Example 2: Design of the “smart” solution primer with no invasion competency
[0114] Percentage of duplicate reads is an important parameter in the evaluation of sequencing performance. Several factors can cause the generation of duplicate colonies as showing in Figure 5. Some are due to system issues, such as library diversity (PCR
duplicates), and re-seeding of free strands/tiny clusters along with unstable PAZAM layers on the flow cell. Some are ascribed to the re-seeding of the not anchored strands in both clustering strategies. In surface bridge clustering strategy, the initial extended copy strand can easily bridge over to the surface primers, leaving the free strands of the initial template. In the current hybrid clustering methodology, free strands would not be generated from the seeded template, but instead, result from the invasion of the solution primers. To avoid duplicates from the free strands’ re-seeding, the hybrid clustering approach is designed with “smart” solution primers, which can only hyb/extend, but have reduced or no invasion capability (Figures 6A-6B).

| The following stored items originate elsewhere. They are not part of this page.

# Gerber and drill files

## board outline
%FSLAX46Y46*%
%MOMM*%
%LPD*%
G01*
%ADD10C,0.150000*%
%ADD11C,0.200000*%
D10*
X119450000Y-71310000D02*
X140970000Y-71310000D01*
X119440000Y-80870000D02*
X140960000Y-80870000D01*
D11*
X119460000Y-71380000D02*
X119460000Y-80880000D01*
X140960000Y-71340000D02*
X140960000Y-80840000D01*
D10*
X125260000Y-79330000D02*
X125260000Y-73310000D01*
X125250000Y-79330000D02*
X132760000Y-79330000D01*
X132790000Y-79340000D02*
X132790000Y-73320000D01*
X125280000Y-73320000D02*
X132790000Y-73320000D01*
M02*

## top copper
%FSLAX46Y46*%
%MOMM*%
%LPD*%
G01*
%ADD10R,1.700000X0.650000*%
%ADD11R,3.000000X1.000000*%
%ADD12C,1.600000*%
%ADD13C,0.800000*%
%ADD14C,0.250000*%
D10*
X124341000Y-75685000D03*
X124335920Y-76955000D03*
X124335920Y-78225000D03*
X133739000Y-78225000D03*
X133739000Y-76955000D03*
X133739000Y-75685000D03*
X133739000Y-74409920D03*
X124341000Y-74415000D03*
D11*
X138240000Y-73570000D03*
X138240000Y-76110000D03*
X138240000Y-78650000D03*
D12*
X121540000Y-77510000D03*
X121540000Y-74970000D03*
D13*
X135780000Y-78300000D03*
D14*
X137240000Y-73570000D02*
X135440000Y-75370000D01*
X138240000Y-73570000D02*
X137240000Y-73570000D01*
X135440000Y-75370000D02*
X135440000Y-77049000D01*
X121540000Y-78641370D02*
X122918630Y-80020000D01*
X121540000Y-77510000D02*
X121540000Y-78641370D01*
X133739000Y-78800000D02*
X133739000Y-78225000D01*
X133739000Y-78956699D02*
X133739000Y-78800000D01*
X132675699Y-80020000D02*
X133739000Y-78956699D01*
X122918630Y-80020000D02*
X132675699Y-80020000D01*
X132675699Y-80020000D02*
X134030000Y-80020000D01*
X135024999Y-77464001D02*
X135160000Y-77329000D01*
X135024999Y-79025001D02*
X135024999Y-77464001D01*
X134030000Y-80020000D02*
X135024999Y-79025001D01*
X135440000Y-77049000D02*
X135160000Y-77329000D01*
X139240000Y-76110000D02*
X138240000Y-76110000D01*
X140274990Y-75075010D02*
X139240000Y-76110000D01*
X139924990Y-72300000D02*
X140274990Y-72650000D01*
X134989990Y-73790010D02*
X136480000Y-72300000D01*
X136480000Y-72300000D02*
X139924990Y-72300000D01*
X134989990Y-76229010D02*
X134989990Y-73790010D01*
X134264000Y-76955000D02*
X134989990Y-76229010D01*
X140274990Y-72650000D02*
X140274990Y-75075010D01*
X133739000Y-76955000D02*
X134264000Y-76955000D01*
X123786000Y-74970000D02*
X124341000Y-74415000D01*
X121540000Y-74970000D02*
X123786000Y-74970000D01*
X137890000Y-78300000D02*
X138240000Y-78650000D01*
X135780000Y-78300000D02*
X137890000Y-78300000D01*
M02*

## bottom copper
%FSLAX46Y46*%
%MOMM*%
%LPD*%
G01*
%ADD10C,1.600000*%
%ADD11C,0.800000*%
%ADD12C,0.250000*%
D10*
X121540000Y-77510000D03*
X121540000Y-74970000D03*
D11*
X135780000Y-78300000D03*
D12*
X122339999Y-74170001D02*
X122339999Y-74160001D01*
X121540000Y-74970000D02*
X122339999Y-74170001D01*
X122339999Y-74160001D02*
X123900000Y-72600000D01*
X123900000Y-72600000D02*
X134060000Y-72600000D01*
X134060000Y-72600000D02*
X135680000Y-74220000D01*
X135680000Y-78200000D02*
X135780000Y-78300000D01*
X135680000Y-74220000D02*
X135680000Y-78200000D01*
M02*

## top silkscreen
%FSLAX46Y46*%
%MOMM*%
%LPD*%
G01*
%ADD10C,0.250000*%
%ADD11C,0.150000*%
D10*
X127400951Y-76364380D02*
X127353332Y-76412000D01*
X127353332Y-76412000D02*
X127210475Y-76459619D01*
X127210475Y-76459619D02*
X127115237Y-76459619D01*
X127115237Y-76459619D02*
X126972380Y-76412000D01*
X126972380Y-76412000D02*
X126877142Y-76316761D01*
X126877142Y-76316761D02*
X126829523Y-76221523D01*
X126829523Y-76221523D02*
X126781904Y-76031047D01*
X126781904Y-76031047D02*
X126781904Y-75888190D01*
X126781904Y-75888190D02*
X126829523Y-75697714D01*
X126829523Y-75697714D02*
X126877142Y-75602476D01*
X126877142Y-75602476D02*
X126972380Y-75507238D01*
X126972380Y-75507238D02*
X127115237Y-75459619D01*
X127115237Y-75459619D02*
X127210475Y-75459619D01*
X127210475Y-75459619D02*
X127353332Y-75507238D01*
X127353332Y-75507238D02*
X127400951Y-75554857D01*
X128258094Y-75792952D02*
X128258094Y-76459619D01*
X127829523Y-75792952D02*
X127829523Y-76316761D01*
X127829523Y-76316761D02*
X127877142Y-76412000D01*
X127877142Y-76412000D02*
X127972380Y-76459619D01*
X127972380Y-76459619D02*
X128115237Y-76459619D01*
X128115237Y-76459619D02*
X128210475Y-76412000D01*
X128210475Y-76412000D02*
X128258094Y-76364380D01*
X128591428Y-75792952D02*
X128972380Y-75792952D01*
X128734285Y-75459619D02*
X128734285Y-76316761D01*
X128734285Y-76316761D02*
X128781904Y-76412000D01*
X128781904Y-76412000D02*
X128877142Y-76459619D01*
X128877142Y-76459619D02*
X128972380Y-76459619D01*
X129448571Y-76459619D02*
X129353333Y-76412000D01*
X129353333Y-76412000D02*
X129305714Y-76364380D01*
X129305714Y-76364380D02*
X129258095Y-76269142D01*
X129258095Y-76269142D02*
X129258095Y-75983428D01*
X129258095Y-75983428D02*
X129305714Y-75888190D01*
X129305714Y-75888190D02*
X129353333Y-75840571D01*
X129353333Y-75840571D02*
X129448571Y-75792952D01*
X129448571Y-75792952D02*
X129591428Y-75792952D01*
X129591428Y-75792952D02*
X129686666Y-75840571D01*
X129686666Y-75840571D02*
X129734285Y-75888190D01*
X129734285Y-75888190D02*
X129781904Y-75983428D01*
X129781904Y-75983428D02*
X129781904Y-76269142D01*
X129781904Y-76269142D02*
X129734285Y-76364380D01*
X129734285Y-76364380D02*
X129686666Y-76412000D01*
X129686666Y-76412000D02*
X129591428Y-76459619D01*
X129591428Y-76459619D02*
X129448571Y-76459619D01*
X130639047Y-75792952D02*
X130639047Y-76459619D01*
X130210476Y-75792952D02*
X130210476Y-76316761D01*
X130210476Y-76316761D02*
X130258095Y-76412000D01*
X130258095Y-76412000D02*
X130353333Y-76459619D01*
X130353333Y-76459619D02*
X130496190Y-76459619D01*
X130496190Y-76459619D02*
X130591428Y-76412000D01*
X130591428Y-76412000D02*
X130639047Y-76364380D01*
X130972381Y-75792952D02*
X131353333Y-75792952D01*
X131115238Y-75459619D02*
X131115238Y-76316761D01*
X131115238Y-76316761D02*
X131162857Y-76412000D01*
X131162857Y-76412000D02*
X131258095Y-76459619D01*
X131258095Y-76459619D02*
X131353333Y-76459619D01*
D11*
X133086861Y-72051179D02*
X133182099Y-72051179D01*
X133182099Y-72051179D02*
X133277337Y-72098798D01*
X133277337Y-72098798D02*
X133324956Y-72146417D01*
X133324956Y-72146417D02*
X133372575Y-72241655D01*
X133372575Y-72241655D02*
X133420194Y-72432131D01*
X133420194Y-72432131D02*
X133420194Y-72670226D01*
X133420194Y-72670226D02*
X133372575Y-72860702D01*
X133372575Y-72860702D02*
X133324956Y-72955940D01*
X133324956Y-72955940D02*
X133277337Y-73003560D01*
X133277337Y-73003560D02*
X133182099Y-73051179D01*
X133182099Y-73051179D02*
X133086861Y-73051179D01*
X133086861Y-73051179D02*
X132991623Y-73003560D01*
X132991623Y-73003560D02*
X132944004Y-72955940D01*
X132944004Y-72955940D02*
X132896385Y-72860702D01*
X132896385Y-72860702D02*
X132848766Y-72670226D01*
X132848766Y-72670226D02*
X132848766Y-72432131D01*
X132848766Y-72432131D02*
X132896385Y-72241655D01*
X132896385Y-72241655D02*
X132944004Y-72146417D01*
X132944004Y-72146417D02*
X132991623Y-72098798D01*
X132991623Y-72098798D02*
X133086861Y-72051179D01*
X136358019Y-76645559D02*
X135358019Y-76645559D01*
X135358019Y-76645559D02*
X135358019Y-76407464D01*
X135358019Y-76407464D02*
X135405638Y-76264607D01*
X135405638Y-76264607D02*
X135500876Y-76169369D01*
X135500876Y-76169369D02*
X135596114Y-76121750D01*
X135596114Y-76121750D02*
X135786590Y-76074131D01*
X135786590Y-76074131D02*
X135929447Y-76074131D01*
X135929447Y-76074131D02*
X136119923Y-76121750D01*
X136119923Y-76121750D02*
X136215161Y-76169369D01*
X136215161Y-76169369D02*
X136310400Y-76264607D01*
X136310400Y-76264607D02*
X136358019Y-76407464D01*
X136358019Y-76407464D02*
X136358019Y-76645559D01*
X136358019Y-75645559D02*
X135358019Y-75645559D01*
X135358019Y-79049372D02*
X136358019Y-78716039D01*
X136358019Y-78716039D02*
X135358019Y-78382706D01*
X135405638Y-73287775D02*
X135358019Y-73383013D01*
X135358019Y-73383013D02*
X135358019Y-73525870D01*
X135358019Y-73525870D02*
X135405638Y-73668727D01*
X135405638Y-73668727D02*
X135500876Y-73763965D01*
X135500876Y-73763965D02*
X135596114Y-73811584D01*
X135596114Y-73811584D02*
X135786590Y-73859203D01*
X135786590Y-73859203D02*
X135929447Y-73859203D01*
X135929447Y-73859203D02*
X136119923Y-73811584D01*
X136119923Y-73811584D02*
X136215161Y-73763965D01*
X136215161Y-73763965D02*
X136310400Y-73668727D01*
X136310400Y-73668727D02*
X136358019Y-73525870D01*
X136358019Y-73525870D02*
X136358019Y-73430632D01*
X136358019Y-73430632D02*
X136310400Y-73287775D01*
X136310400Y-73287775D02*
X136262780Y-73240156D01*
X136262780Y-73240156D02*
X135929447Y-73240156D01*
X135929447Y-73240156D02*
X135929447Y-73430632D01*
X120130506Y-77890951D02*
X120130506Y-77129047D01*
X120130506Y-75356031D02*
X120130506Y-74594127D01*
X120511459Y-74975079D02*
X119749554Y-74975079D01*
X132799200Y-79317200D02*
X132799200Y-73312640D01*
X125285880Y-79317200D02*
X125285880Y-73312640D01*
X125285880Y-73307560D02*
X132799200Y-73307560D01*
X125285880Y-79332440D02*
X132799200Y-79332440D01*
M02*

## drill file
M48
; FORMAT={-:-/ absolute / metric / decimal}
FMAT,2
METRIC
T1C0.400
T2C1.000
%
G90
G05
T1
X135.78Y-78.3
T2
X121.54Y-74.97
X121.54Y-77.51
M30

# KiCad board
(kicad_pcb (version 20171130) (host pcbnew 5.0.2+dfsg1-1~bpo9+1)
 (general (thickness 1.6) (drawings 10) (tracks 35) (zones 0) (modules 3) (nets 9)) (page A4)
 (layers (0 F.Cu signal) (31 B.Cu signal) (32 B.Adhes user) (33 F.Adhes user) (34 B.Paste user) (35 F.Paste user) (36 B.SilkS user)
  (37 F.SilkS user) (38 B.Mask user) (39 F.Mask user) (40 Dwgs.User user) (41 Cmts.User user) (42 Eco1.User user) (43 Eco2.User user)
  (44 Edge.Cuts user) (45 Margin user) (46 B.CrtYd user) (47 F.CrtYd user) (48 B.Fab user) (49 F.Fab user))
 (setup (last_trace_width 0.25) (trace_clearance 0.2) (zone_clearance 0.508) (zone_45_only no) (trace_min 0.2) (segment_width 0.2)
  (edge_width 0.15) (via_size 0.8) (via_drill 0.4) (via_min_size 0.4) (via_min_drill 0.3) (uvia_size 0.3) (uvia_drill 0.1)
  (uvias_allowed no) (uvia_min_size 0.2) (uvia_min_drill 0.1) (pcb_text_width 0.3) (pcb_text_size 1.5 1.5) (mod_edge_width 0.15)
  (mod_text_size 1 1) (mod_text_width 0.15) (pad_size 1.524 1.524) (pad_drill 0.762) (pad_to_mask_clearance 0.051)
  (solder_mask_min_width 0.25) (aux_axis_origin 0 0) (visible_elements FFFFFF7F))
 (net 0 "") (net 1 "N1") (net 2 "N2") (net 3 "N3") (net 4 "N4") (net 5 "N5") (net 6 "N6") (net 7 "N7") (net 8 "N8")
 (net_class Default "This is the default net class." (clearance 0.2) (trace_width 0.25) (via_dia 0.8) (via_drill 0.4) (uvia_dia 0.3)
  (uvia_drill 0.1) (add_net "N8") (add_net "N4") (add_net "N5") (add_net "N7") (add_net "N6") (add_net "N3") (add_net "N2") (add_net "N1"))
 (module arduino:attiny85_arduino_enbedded (layer F.Cu) (at 129.04 76.32)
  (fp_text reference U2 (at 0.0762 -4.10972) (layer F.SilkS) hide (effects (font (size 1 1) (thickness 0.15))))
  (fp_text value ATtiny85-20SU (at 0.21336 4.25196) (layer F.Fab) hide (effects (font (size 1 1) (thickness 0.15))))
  (fp_line (start 3.7592 2.9972) (end 3.7592 -3.00736) (layer F.SilkS) (width 0.15))
  (fp_line (start -3.75412 2.9972) (end -3.75412 -3.00736) (layer F.SilkS) (width 0.15))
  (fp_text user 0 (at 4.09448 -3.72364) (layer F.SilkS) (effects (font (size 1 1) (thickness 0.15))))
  (fp_line (start -3.75412 -3.01244) (end 3.7592 -3.01244) (layer F.SilkS) (width 0.15))
  (fp_line (start -3.75412 3.01244) (end 3.7592 3.01244) (layer F.SilkS) (width 0.15))
  (pad 7 smd rect (at -4.699 -0.635) (size 1.7 0.65) (layers F.Cu F.Paste F.Mask) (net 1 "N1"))
  (pad 6 smd rect (at -4.70408 0.635) (size 1.7 0.65) (layers F.Cu F.Paste F.Mask) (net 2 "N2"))
  (pad 5 smd rect (at -4.70408 1.905) (size 1.7 0.65) (layers F.Cu F.Paste F.Mask) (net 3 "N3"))
  (pad 4 smd rect (at 4.699 1.905) (size 1.7 0.65) (layers F.Cu F.Paste F.Mask) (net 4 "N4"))
  (pad 3 smd rect (at 4.699 0.635) (size 1.7 0.65) (layers F.Cu F.Paste F.Mask) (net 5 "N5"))
  (pad 2 smd rect (at 4.699 -0.635) (size 1.7 0.65) (layers F.Cu F.Paste F.Mask) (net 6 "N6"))
  (pad 1 smd rect (at 4.699 -1.91008) (size 1.7 0.65) (layers F.Cu F.Paste F.Mask) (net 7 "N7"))
  (pad 8 smd rect (at -4.699 -1.905) (size 1.7 0.65) (layers F.Cu F.Paste F.Mask) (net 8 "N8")))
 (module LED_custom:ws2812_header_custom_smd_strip (layer F.Cu) (at 138.24 76.11 270)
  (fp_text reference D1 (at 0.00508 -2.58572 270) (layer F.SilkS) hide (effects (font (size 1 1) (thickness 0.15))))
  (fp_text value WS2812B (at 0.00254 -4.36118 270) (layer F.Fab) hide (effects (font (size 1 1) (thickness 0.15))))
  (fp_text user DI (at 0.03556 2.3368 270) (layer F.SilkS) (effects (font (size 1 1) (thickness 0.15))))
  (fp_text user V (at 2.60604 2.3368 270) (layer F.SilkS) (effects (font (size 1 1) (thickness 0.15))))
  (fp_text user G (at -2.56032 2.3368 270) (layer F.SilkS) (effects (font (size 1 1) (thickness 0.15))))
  (pad 3 smd rect (at -2.54 0 270) (size 1 3) (layers F.Cu F.Paste F.Mask) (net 4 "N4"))
  (pad 4 smd rect (at 0 0 270) (size 1 3) (layers F.Cu F.Paste F.Mask) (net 5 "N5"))
  (pad 1 smd rect (at 2.54 0 270) (size 1 3) (layers F.Cu F.Paste F.Mask) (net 8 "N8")))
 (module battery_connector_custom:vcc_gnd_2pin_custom (layer F.Cu) (at 121.54 76.24 90)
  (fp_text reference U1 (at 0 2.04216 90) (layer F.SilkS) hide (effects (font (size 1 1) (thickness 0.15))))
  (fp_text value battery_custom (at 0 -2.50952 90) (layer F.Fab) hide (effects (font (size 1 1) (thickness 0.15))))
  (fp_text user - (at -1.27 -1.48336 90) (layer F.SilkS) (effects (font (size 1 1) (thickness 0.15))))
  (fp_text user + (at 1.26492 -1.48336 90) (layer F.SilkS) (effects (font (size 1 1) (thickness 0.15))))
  (pad 1 thru_hole circle (at -1.27 0 90) (size 1.6 1.6) (drill 1) (layers *.Cu *.Mask) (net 4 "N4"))
  (pad 2 thru_hole circle (at 1.27 0 90) (size 1.6 1.6) (drill 1) (layers *.Cu *.Mask) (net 8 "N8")))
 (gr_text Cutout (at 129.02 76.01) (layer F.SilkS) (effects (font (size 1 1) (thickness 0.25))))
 (gr_line (start 119.45 71.31) (end 140.97 71.31) (layer Edge.Cuts) (width 0.15))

[0115] In one embodiment, the clustering method is based on recombinase polymerase amplification (RPA) and it has been reported that the optimized length for RPA primers should be 30-35 bases long for the optimal formation of recombinase/primer filaments, with longer primers not being recommended. A hypothesis comes out that shortening the length of the primers may avoid the filament formation between recombinase and primer, and consequently lower or prevent invasion capability of the solution primers. Solutionbased invasion and hyb/extension assays have been employed to test this hypothesis. Sequences of the primer at 10 (TACGGCGACC) (SEQ ID NO: 5), 13 (GGCGACCACCGAG) (SEQ ID NO: 6) and 15 (ACGGCGACCACCGAG) (SEQ ID NO: 7) bp length have been selected from 29 bp sequence of P5 primer. The scheme and the corresponding results of the invasion and hyb/extension of primers with different length are shown in the Figure 7, demonstrating lower invasion and faster hyb/extension of the shorter solution primers.
[0116] For further validation, the sequencing performance has been evaluated. According to the result shown in Figures 8A-8B, hybrid clustering exhibits comparable values of P90 and PF as the normal bridging clustering strategy. The percentage of duplicate colonies of hybrid clustering decreases significantly with shorter solution P5 (sP5), reaching a value similar to the normal clustering strategy (surface P5/P7). Here the duplicates in the normal P5/P7 clustering is likely due to low diversity library and PAZAM-flake off, since there are no free library elements reseeding. The short P5 primers in solution have similar numbers of duplicates, which demonstrates that they are not making significant free templates for reseeding. Therefore, shorter P5 (13 bp) has been applied as “smart” solution primer for the hybrid clustering methodology.
[0117] Overall, to prevent invasion but maintain hyb/extension capability, the solution primers need to be designed to only form filament with polymerase, but not recombinase. Thus, besides tuning the length of the primers, a series of other possible approaches have been considered, such as modifying the backbone of the primers (decorating backbone with fluorine, incorporation of several PNA/LNA bases, internal mismatches sequence of the primers, or implementations with carbon spacers within primer sequence, etc), separately and in combination with modifications to the recombinase and or polymerase.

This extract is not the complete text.